Do not blindly increase blowing amine when rise is already ahead of gel. That can make the gap worse.

When Gel Leads Rise Too Far: Gelling Excess

If gel time occurs much earlier than rise time, the gelling reaction is ahead of the blowing reaction. This means the network begins to lock before expansion is complete.

Scenario	Cream	Gel	Rise	Gap	Result
Gelling excess	12s	75s	130s	Gel leads rise by 55s	Tight cells, under-rise, high density

This can create a different set of defects.

Possible symptoms include:

• Tight cells
• Under-risen foam
• Higher density
• Poor cell opening
• Split surface
• Internal pressure marks
• Harsh feel
• Irregular structure

The foam has network strength too early. Instead of supporting the final expanded shape, the network restricts expansion.

In this case, more gelling catalyst or more tin will usually move the formula in the wrong direction.

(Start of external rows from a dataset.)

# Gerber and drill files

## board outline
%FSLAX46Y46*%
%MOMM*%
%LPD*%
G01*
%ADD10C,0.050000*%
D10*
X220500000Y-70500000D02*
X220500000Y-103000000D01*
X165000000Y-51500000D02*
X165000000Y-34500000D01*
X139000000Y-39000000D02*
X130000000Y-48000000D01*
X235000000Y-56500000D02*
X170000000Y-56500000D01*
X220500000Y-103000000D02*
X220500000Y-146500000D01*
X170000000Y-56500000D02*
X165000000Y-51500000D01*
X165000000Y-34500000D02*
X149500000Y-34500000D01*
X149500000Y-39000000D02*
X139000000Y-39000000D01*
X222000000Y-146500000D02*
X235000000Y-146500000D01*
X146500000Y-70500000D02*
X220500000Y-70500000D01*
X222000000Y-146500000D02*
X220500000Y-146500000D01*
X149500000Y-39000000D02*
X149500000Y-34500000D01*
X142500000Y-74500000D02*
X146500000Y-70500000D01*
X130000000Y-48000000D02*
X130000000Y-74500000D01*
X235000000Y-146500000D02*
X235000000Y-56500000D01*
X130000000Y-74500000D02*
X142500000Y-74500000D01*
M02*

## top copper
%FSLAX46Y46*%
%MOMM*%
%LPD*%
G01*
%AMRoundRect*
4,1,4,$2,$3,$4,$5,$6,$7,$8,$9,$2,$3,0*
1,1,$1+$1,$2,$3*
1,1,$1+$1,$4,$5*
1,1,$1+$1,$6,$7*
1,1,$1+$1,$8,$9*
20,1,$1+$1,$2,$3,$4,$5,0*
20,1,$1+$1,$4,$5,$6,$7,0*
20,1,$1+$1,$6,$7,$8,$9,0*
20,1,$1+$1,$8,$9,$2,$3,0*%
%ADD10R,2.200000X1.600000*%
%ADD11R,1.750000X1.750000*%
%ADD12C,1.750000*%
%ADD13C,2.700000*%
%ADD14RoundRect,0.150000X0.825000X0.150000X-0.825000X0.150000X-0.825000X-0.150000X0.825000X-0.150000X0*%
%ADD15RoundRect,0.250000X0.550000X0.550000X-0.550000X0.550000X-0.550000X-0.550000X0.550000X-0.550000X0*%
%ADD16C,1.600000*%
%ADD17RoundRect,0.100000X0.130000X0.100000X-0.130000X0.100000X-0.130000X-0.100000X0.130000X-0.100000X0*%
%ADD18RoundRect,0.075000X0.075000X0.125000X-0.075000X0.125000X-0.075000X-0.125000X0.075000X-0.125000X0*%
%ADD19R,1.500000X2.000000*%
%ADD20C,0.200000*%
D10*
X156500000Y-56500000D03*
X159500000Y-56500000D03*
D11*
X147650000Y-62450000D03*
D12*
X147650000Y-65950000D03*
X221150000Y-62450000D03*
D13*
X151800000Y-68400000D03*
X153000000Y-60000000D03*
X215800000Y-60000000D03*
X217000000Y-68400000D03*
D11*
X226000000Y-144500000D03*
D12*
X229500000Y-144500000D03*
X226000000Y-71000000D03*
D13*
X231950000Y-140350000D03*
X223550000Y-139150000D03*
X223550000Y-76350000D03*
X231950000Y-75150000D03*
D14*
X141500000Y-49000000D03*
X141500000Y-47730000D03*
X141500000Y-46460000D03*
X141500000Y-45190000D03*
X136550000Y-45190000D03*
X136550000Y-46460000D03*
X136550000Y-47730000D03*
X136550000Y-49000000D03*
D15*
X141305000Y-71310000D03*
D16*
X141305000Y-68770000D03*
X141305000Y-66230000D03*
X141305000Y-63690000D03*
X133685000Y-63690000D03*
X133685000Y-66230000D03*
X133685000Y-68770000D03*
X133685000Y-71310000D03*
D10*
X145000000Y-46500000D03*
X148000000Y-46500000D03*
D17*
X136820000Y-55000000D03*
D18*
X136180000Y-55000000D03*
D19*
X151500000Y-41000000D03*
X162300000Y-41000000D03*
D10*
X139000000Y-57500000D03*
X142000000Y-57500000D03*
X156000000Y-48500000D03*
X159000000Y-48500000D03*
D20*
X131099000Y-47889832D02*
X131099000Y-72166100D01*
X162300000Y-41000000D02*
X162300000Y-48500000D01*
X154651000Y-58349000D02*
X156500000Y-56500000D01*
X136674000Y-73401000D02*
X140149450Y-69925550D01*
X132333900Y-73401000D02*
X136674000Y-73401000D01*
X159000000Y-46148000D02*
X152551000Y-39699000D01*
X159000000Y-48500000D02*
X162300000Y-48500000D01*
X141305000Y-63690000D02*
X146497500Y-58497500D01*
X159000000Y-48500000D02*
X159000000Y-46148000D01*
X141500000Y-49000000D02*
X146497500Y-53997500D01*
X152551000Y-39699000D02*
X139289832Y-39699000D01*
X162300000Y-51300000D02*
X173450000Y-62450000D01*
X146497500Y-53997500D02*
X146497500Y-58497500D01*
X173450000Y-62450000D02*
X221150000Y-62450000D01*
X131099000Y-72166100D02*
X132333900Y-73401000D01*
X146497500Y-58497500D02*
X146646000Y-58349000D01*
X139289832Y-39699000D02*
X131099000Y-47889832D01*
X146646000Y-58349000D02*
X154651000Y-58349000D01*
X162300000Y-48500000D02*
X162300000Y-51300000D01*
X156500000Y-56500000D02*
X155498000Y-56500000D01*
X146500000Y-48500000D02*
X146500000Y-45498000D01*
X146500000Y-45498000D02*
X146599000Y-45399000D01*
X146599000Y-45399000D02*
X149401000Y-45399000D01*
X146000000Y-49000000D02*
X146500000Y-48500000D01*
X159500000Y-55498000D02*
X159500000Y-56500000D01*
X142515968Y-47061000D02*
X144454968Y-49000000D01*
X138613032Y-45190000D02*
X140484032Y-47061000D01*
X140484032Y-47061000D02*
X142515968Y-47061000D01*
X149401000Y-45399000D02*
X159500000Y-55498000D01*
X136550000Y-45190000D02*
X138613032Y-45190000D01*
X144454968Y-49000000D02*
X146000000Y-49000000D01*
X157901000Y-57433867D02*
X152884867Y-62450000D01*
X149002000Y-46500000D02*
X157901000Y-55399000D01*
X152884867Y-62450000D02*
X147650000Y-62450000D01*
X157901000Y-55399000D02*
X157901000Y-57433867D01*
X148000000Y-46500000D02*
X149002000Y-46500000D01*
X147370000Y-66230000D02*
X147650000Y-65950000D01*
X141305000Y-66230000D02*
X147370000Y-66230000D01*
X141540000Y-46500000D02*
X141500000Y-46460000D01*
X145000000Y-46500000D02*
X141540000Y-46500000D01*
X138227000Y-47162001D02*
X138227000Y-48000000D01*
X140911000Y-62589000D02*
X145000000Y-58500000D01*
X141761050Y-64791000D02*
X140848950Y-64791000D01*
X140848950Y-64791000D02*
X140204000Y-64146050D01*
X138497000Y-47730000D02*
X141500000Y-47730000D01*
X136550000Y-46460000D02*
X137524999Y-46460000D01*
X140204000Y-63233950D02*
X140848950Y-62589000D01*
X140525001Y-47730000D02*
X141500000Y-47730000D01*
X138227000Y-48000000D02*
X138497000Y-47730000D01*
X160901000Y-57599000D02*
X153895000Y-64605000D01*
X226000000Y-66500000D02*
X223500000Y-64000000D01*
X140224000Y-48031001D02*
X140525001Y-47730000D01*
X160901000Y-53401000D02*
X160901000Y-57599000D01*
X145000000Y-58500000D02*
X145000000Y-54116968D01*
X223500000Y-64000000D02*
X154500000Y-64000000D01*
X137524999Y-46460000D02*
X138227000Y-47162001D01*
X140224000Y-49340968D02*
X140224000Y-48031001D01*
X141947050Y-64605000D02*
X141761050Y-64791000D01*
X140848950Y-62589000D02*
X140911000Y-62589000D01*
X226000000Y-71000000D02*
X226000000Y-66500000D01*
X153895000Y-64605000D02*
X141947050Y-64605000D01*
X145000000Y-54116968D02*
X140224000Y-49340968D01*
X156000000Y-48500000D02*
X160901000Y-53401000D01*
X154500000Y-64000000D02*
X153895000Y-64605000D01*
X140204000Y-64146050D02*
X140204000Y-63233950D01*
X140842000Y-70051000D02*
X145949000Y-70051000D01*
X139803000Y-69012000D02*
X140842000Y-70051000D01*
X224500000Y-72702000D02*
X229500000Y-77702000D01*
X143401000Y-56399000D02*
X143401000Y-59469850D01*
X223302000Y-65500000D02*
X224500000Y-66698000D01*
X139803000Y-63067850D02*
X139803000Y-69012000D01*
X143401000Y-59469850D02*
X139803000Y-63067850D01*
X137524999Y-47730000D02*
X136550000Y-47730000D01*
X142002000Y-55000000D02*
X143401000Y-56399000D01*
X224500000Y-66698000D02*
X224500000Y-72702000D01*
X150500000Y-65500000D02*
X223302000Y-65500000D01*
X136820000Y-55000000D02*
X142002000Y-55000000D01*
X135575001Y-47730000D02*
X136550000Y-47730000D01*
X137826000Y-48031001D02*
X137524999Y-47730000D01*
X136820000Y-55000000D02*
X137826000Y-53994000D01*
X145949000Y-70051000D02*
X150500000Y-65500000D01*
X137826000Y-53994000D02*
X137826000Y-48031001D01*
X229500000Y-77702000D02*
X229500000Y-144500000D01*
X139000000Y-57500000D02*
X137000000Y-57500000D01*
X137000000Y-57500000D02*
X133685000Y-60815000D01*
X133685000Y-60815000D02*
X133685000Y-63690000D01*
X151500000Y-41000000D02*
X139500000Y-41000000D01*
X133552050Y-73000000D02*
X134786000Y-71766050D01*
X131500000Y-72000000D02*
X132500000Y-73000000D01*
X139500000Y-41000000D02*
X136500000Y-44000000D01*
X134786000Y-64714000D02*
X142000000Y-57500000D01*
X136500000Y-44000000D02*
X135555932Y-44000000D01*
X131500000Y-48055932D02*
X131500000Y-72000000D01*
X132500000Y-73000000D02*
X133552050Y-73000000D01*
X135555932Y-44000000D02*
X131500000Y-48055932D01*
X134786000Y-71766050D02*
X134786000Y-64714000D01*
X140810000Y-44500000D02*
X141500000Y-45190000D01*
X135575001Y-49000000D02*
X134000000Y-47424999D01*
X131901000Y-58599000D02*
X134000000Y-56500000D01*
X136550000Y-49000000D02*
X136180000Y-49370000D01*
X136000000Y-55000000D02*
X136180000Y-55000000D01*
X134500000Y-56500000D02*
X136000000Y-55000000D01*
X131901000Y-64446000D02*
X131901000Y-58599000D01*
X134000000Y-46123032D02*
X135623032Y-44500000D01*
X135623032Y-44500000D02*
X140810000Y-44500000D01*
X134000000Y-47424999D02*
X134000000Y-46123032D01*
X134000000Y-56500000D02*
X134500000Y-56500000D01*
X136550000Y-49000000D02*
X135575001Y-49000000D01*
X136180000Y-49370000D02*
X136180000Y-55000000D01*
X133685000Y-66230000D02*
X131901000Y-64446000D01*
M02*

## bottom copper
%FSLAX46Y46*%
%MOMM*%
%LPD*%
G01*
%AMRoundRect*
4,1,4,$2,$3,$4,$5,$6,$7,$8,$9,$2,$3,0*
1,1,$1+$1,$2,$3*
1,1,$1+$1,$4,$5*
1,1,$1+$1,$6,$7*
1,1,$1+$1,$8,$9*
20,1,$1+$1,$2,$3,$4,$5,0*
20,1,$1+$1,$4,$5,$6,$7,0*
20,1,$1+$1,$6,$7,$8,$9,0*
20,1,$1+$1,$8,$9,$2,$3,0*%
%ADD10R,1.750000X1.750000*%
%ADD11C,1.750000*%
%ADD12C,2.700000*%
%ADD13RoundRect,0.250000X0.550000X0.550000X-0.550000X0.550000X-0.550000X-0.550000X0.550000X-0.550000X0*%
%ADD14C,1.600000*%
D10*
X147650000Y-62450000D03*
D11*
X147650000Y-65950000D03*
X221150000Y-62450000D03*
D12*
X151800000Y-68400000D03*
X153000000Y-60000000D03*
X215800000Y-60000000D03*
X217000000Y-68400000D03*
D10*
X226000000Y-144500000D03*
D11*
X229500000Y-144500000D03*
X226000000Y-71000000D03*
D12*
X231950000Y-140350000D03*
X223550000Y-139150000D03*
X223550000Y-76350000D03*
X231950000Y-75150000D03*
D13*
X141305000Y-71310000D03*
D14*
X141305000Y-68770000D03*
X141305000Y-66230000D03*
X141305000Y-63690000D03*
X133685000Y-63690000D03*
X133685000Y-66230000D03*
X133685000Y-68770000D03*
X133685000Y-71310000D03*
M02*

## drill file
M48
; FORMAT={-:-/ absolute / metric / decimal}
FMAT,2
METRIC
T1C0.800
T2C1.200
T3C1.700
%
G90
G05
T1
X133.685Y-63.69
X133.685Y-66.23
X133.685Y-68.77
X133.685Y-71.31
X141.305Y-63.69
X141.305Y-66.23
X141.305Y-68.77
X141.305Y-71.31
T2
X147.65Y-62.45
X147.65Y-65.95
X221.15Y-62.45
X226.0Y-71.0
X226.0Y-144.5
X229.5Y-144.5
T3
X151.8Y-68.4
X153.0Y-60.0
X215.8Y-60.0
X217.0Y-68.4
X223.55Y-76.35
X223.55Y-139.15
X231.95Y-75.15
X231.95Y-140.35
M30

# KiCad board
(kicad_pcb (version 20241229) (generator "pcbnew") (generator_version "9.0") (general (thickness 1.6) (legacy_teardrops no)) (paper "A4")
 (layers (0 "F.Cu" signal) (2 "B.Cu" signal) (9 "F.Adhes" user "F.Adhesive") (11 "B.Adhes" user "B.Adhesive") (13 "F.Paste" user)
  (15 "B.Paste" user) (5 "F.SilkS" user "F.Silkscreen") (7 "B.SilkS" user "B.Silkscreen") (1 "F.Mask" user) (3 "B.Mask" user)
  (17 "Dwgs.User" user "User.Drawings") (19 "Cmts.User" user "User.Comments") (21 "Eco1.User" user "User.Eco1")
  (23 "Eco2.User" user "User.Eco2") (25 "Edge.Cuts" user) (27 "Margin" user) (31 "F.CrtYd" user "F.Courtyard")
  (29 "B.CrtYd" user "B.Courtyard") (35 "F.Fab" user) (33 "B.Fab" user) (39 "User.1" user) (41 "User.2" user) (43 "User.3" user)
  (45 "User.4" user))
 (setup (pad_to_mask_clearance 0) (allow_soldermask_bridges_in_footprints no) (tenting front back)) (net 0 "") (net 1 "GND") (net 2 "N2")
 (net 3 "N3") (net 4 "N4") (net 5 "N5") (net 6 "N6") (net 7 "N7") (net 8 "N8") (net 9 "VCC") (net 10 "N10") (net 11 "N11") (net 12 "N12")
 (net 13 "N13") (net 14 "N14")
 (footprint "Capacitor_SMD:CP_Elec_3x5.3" (layer "F.Cu") (at 158 56.5)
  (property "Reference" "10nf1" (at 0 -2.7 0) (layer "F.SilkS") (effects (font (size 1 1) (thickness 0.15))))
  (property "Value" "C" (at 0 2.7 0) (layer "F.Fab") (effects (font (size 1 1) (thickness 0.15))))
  (pad "1" smd rect (at -1.5 0) (size 2.2 1.6) (layers "F.Cu" "F.Mask" "F.Paste") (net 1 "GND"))
  (pad "2" smd rect (at 1.5 0) (size 2.2 1.6) (layers "F.Cu" "F.Mask" "F.Paste") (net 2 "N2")))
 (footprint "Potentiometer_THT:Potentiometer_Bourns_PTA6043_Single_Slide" (layer "F.Cu") (at 147.65 62.45)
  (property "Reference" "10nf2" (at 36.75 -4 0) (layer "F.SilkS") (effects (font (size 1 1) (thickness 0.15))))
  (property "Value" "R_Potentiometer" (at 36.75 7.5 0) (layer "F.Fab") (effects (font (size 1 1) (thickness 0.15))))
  (pad "1" thru_hole rect (at 0 0) (size 1.75 1.75) (drill 1.2) (layers "*.Cu" "*.Mask") (remove_unused_layers no) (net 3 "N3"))
  (pad "2" thru_hole circle (at 0 3.5) (size 1.75 1.75) (drill 1.2) (layers "*.Cu" "*.Mask") (remove_unused_layers no) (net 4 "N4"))
  (pad "3" thru_hole circle (at 73.5 0) (size 1.75 1.75) (drill 1.2) (layers "*.Cu" "*.Mask") (remove_unused_layers no) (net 1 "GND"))
  (pad "MP" thru_hole circle (at 4.15 5.95) (size 2.7 2.7) (drill 1.7) (layers "*.Cu" "*.Mask") (remove_unused_layers no))
  (pad "MP" thru_hole circle (at 5.35 -2.45) (size 2.7 2.7) (drill 1.7) (layers "*.Cu" "*.Mask") (remove_unused_layers no))
  (pad "MP" thru_hole circle (at 68.15 -2.45) (size 2.7 2.7) (drill 1.7) (layers "*.Cu" "*.Mask") (remove_unused_layers no))
  (pad "MP" thru_hole circle (at 69.35 5.95) (size 2.7 2.7) (drill 1.7) (layers "*.Cu" "*.Mask") (remove_unused_layers no)))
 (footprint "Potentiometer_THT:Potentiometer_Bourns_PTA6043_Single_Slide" (layer "F.Cu") (at 226 144.5 90)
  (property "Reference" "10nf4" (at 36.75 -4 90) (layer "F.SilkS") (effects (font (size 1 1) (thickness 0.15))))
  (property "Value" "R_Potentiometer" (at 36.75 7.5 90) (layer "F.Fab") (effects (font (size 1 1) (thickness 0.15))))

Possible correction directions may include:

• Reducing gelling acceleration
• Reducing tin catalyst
• Reviewing blowing catalyst
• Checking silicone surfactant
• Checking water level
• Verifying index
• Checking raw material temperature

Again, the gap tells you the direction. The adjustment should follow the diagnosis.

Diagnostic Reference Table: Gap Direction, Defect, and Response

Use this table as a first diagnostic guide before changing catalyst.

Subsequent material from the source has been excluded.